═════ DATASET ENTRIES ═════
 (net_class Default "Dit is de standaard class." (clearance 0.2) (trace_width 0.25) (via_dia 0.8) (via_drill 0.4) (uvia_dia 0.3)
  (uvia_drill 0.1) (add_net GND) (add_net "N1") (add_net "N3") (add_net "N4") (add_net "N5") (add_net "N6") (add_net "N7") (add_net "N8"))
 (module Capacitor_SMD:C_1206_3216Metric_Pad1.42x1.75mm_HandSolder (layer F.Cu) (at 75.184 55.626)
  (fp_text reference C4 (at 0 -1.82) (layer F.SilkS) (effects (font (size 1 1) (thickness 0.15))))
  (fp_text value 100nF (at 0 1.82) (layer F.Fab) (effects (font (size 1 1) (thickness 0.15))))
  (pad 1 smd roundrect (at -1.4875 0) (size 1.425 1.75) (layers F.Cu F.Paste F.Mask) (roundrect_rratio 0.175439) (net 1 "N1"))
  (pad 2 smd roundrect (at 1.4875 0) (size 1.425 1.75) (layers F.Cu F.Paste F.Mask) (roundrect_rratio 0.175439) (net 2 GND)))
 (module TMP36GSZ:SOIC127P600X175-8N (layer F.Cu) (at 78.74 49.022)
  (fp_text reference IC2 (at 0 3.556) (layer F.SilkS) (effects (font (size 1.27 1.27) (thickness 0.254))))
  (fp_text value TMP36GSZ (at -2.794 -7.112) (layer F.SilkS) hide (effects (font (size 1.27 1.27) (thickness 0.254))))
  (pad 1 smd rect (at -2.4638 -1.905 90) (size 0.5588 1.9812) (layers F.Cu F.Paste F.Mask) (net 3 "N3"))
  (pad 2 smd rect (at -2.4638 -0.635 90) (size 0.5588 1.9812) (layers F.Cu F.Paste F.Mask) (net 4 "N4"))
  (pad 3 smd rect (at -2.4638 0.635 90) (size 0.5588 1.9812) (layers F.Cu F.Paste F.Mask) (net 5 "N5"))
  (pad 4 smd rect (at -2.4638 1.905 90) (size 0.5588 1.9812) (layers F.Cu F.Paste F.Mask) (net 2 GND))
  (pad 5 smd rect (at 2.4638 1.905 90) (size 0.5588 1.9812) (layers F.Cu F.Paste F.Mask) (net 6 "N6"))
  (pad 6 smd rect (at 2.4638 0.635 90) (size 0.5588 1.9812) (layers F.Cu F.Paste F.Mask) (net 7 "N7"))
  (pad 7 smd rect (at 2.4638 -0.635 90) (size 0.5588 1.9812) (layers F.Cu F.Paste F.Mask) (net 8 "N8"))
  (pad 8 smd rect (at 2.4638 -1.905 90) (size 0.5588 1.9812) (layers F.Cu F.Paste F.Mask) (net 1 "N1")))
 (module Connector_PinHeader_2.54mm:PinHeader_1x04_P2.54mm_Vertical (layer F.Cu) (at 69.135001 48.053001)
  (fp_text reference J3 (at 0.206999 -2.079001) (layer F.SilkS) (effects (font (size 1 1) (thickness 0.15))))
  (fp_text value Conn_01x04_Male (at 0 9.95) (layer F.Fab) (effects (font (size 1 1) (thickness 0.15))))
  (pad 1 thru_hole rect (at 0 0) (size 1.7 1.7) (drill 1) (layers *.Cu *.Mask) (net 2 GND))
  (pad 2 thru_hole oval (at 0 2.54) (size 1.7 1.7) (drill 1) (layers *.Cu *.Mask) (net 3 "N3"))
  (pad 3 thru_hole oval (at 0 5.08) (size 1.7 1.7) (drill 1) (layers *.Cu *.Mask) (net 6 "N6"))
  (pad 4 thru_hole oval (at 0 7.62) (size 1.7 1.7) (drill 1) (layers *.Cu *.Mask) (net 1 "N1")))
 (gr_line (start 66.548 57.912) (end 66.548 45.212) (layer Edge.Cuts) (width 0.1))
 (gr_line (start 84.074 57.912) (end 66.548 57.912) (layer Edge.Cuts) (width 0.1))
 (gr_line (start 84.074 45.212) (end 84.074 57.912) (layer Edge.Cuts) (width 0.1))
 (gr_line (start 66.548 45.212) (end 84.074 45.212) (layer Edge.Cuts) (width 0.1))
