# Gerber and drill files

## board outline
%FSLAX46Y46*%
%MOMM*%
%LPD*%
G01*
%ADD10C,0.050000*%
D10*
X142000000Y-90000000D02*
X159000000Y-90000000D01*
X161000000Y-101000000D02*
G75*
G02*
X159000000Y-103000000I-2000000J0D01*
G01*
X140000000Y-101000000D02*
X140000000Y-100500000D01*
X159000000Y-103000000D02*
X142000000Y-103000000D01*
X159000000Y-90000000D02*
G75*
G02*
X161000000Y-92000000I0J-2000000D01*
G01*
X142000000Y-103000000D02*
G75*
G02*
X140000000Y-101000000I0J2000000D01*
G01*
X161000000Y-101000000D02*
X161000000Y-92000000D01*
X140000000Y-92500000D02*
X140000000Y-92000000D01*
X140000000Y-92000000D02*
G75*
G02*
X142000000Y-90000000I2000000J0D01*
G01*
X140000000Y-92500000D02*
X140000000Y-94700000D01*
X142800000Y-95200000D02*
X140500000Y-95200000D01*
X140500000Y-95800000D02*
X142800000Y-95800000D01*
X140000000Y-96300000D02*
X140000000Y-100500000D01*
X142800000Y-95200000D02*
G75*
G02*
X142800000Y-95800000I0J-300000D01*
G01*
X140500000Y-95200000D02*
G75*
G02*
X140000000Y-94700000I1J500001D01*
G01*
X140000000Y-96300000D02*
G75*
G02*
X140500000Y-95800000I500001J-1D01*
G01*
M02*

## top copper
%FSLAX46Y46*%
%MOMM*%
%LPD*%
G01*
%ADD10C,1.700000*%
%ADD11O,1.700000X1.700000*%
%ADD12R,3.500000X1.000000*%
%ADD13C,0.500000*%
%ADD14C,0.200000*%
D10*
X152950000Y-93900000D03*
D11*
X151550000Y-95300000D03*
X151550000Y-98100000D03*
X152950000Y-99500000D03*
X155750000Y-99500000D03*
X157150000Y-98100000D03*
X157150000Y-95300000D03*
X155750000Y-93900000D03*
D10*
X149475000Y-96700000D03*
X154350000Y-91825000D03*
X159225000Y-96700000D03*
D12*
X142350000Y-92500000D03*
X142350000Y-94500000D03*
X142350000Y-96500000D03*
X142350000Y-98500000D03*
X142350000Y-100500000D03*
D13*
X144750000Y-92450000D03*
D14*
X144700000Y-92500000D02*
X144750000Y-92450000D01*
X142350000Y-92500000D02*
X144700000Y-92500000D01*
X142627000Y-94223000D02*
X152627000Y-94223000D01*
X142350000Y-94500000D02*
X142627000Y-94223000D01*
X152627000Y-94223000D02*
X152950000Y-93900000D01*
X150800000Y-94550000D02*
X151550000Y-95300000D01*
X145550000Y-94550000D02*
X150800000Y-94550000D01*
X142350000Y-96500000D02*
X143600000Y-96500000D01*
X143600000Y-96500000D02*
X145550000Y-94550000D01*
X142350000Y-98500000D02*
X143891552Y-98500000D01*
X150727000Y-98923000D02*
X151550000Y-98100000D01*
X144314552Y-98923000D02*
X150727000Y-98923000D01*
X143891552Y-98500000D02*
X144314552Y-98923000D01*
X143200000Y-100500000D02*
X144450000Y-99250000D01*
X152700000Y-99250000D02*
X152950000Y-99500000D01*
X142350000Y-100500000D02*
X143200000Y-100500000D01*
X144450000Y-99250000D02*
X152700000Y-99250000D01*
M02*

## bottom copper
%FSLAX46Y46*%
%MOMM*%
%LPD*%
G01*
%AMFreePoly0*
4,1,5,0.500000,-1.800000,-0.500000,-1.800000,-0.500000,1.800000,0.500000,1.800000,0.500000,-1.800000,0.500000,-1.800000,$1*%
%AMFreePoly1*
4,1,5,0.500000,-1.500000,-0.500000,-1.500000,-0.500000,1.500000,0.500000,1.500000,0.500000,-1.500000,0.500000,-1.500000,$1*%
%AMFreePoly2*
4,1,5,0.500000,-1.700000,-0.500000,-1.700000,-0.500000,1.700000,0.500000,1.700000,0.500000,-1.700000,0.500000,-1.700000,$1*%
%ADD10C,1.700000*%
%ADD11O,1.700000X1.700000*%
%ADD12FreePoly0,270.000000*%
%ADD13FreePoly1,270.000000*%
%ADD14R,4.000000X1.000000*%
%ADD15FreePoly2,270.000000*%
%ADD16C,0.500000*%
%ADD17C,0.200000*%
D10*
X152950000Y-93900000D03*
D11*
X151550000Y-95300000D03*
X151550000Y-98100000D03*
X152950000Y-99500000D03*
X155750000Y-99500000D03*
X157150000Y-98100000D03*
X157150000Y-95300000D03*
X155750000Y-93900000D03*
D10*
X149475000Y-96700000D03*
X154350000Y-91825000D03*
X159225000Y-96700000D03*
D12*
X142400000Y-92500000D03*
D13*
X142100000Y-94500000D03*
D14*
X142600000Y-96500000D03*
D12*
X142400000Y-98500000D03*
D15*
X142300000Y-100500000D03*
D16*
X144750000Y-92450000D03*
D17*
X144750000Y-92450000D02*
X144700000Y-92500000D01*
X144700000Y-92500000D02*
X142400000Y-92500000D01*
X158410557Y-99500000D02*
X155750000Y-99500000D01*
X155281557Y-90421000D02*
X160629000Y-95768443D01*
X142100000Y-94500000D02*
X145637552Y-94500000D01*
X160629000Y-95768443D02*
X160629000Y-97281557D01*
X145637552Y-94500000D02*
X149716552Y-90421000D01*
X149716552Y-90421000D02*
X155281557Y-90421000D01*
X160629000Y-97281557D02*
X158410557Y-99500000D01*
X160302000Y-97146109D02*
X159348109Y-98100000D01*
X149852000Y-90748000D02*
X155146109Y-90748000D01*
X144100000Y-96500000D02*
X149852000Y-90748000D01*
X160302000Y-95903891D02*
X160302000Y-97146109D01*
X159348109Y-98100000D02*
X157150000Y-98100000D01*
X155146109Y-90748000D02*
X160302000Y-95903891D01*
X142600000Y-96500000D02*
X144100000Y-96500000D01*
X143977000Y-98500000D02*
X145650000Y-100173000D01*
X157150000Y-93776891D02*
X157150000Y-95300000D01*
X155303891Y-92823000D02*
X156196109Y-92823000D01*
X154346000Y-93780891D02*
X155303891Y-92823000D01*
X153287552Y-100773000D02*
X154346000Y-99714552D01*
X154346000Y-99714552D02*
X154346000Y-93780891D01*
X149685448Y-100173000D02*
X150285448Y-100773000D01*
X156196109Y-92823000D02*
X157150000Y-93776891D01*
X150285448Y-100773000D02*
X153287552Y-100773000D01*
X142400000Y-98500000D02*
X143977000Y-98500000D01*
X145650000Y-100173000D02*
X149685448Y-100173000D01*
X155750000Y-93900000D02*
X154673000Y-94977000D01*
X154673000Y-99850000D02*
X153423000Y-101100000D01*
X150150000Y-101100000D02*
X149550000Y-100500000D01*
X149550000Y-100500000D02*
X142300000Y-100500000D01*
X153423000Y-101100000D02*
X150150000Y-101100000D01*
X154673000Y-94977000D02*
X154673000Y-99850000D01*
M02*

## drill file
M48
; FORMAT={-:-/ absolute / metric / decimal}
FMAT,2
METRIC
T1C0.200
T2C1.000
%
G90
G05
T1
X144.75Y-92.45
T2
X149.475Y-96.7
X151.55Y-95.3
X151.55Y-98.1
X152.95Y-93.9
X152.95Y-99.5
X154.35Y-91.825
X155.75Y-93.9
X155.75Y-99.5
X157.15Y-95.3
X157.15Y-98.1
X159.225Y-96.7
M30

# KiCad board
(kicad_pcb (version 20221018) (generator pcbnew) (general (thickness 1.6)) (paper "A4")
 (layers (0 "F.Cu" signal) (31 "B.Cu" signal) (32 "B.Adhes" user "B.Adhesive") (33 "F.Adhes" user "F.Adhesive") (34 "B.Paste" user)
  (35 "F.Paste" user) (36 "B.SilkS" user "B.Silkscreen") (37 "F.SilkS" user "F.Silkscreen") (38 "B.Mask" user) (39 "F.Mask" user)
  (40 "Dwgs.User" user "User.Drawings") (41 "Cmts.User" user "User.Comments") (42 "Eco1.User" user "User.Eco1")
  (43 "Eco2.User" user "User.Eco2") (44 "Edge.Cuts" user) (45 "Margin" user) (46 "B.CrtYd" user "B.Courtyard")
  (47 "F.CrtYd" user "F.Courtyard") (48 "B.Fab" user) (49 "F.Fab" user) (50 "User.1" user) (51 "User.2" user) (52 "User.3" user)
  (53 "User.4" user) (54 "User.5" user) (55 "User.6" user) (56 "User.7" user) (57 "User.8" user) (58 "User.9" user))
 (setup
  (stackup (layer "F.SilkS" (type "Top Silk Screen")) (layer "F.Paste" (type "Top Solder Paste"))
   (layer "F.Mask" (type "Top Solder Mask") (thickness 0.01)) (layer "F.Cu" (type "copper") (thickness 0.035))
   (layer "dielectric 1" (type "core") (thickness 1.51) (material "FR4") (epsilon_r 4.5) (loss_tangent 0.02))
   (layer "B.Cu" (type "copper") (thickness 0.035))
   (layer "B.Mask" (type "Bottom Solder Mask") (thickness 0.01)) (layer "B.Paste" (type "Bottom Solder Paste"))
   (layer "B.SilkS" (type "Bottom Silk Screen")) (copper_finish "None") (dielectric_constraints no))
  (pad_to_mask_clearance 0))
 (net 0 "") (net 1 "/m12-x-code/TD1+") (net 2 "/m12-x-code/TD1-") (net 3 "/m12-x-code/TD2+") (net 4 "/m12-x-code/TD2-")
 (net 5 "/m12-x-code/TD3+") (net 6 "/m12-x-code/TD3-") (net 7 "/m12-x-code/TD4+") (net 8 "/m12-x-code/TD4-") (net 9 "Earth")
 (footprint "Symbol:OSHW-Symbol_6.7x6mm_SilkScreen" (layer "F.Cu") (at 147.75 99.95)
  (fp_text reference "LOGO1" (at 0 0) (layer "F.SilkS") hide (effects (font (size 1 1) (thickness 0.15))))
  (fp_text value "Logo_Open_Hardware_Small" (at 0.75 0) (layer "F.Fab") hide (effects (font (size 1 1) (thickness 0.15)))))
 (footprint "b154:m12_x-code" (layer "F.Cu") (at 154.35 96.7)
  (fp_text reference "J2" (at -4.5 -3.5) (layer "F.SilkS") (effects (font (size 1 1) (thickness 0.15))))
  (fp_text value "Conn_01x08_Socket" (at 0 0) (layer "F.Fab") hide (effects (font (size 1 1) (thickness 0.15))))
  (pad "1" thru_hole circle (at -1.4 -2.8) (size 1.7 1.7) (drill 1) (layers "*.Cu" "*.Mask") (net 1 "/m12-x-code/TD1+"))
  (pad "2" thru_hole oval (at -2.8 -1.4) (size 1.7 1.7) (drill 1) (layers "*.Cu" "*.Mask") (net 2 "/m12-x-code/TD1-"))
  (pad "3" thru_hole oval (at -2.8 1.4) (size 1.7 1.7) (drill 1) (layers "*.Cu" "*.Mask") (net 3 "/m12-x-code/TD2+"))
  (pad "4" thru_hole oval (at -1.4 2.8) (size 1.7 1.7) (drill 1) (layers "*.Cu" "*.Mask") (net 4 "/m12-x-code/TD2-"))
  (pad "5" thru_hole oval (at 1.4 2.8) (size 1.7 1.7) (drill 1) (layers "*.Cu" "*.Mask") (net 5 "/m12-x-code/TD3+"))
  (pad "6" thru_hole oval (at 2.8 1.4) (size 1.7 1.7) (drill 1) (layers "*.Cu" "*.Mask") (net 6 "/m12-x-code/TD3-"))
  (pad "7" thru_hole oval (at 2.8 -1.4) (size 1.7 1.7) (drill 1) (layers "*.Cu" "*.Mask") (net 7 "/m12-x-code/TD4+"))
  (pad "8" thru_hole oval (at 1.4 -2.8) (size 1.7 1.7) (drill 1) (layers "*.Cu" "*.Mask") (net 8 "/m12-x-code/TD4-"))
  (pad "S" thru_hole circle (at -4.875 0) (size 1.7 1.7) (drill 1) (layers "*.Cu" "*.Mask"))
  (pad "S" thru_hole circle (at 0 -4.875) (size 1.7 1.7) (drill 1) (layers "*.Cu" "*.Mask"))
  (pad "S" thru_hole circle (at 4.875 0) (size 1.7 1.7) (drill 1) (layers "*.Cu" "*.Mask")))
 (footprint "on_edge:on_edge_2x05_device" (layer "F.Cu") (at 140 96.5 -90)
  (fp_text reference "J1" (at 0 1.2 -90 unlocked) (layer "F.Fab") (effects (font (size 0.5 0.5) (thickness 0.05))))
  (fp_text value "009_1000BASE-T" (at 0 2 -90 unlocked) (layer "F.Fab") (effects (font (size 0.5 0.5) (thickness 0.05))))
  (fp_line (start -4 0) (end -1.8 0) (stroke (width 0.05) (type solid)) (layer "Edge.Cuts"))
  (fp_line (start -1.3 -2.8) (end -1.3 -0.5) (stroke (width 0.05) (type solid)) (layer "Edge.Cuts"))
  (fp_line (start -0.7 -0.5) (end -0.7 -2.8) (stroke (width 0.05) (type solid)) (layer "Edge.Cuts"))
  (fp_line (start -0.2 0) (end 4 0) (stroke (width 0.05) (type solid)) (layer "Edge.Cuts"))
  (fp_arc (start -1.3 -2.8) (mid -1 -3.1) (end -0.7 -2.8) (stroke (width 0.05) (type solid)) (layer "Edge.Cuts"))
  (fp_arc (start -1.3 -0.5) (mid -1.446447 -0.146447) (end -1.8 0) (stroke (width 0.05) (type solid)) (layer "Edge.Cuts"))
  (fp_arc (start -0.2 0) (mid -0.553553 -0.146447) (end -0.7 -0.5) (stroke (width 0.05) (type solid)) (layer "Edge.Cuts"))
  (pad "1" smd rect (at -4 -2.35 90) (size 1 3.5) (layers "F.Cu" "F.Mask") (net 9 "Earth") (zone_connect 0))
  (pad "2" smd rect (at -2 -2.35 270) (size 1 3.5) (layers "F.Cu" "F.Mask") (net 1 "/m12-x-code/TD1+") (zone_connect 0))
  (pad "3" smd rect (at 0 -2.35 270) (size 1 3.5) (layers "F.Cu" "F.Mask") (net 2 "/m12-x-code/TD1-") (zone_connect 0))
  (pad "4" smd rect (at 2 -2.35 90) (size 1 3.5) (layers "F.Cu" "F.Mask") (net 3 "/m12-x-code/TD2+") (zone_connect 0))
  (pad "5" smd rect (at 4 -2.35 90) (size 1 3.5) (layers "F.Cu" "F.Mask") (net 4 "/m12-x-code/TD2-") (zone_connect 0))
  (pad "6" smd custom (at -4 -2.4 270) (size 1 3.6) (layers "B.Cu" "B.Mask") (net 9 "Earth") (zone_connect 0)
   (options (clearance outline) (anchor rect)) (primitives))
  (pad "7" smd custom (at -2 -2.1 270) (size 1 3) (layers "B.Cu" "B.Mask") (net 5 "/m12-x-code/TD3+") (zone_connect 0)
   (options (clearance outline) (anchor rect)) (primitives))
  (pad "8" smd rect (at 0 -2.6 270) (size 1 4) (layers "B.Cu" "B.Mask") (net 6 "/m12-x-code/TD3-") (zone_connect 0))
  (pad "9" smd custom (at 2 -2.4 270) (size 1 3.6) (layers "B.Cu" "B.Mask") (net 7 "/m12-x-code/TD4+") (zone_connect 0)
   (options (clearance outline) (anchor rect)) (primitives))
  (pad "10" smd custom (at 4 -2.3 270) (size 1 3.4) (layers "B.Cu" "B.Mask") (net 8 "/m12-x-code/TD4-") (zone_connect 0)
   (options (clearance outline) (anchor rect)) (primitives))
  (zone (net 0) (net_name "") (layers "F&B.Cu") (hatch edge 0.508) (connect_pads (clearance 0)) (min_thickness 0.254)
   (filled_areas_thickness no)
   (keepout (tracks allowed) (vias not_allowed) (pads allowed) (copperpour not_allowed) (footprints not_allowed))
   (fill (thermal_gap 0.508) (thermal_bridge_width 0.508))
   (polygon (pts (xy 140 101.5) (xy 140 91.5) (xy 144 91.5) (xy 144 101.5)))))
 (gr_line (start 142 90) (end 159 90) (stroke (width 0.05) (type solid)) (layer "Edge.Cuts"))
 (gr_arc (start 161 101) (mid 160.414214 102.414214) (end 159 103) (stroke (width 0.05) (type solid)) (layer "Edge.Cuts"))
 (gr_line (start 140 101) (end 140 100.5) (stroke (width 0.05) (type solid)) (layer "Edge.Cuts"))
 (gr_line (start 159 103) (end 142 103) (stroke (width 0.05) (type solid)) (layer "Edge.Cuts"))
 (gr_arc (start 159 90) (mid 160.414214 90.585786) (end 161 92) (stroke (width 0.05) (type solid)) (layer "Edge.Cuts"))
 (gr_arc (start 142 103) (mid 140.585786 102.414214) (end 140 101) (stroke (width 0.05) (type solid)) (layer "Edge.Cuts"))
═════
• _ABOUT THIS EXERCISE_:
All lines from the beginning of the entries through the line marked "(fp_text value 100nF" are to be output exactly; nothing else belongs in the answer.

• _RESULT_:
 (net_class Default "Dit is de standaard class." (clearance 0.2) (trace_width 0.25) (via_dia 0.8) (via_drill 0.4) (uvia_dia 0.3)
  (uvia_drill 0.1) (add_net GND) (add_net "N1") (add_net "N3") (add_net "N4") (add_net "N5") (add_net "N6") (add_net "N7") (add_net "N8"))
 (module Capacitor_SMD:C_1206_3216Metric_Pad1.42x1.75mm_HandSolder (layer F.Cu) (at 75.184 55.626)
  (fp_text reference C4 (at 0 -1.82) (layer F.SilkS) (effects (font (size 1 1) (thickness 0.15))))
  (fp_text value 100nF (at 0 1.82) (layer F.Fab) (effects (font (size 1 1) (thickness 0.15))))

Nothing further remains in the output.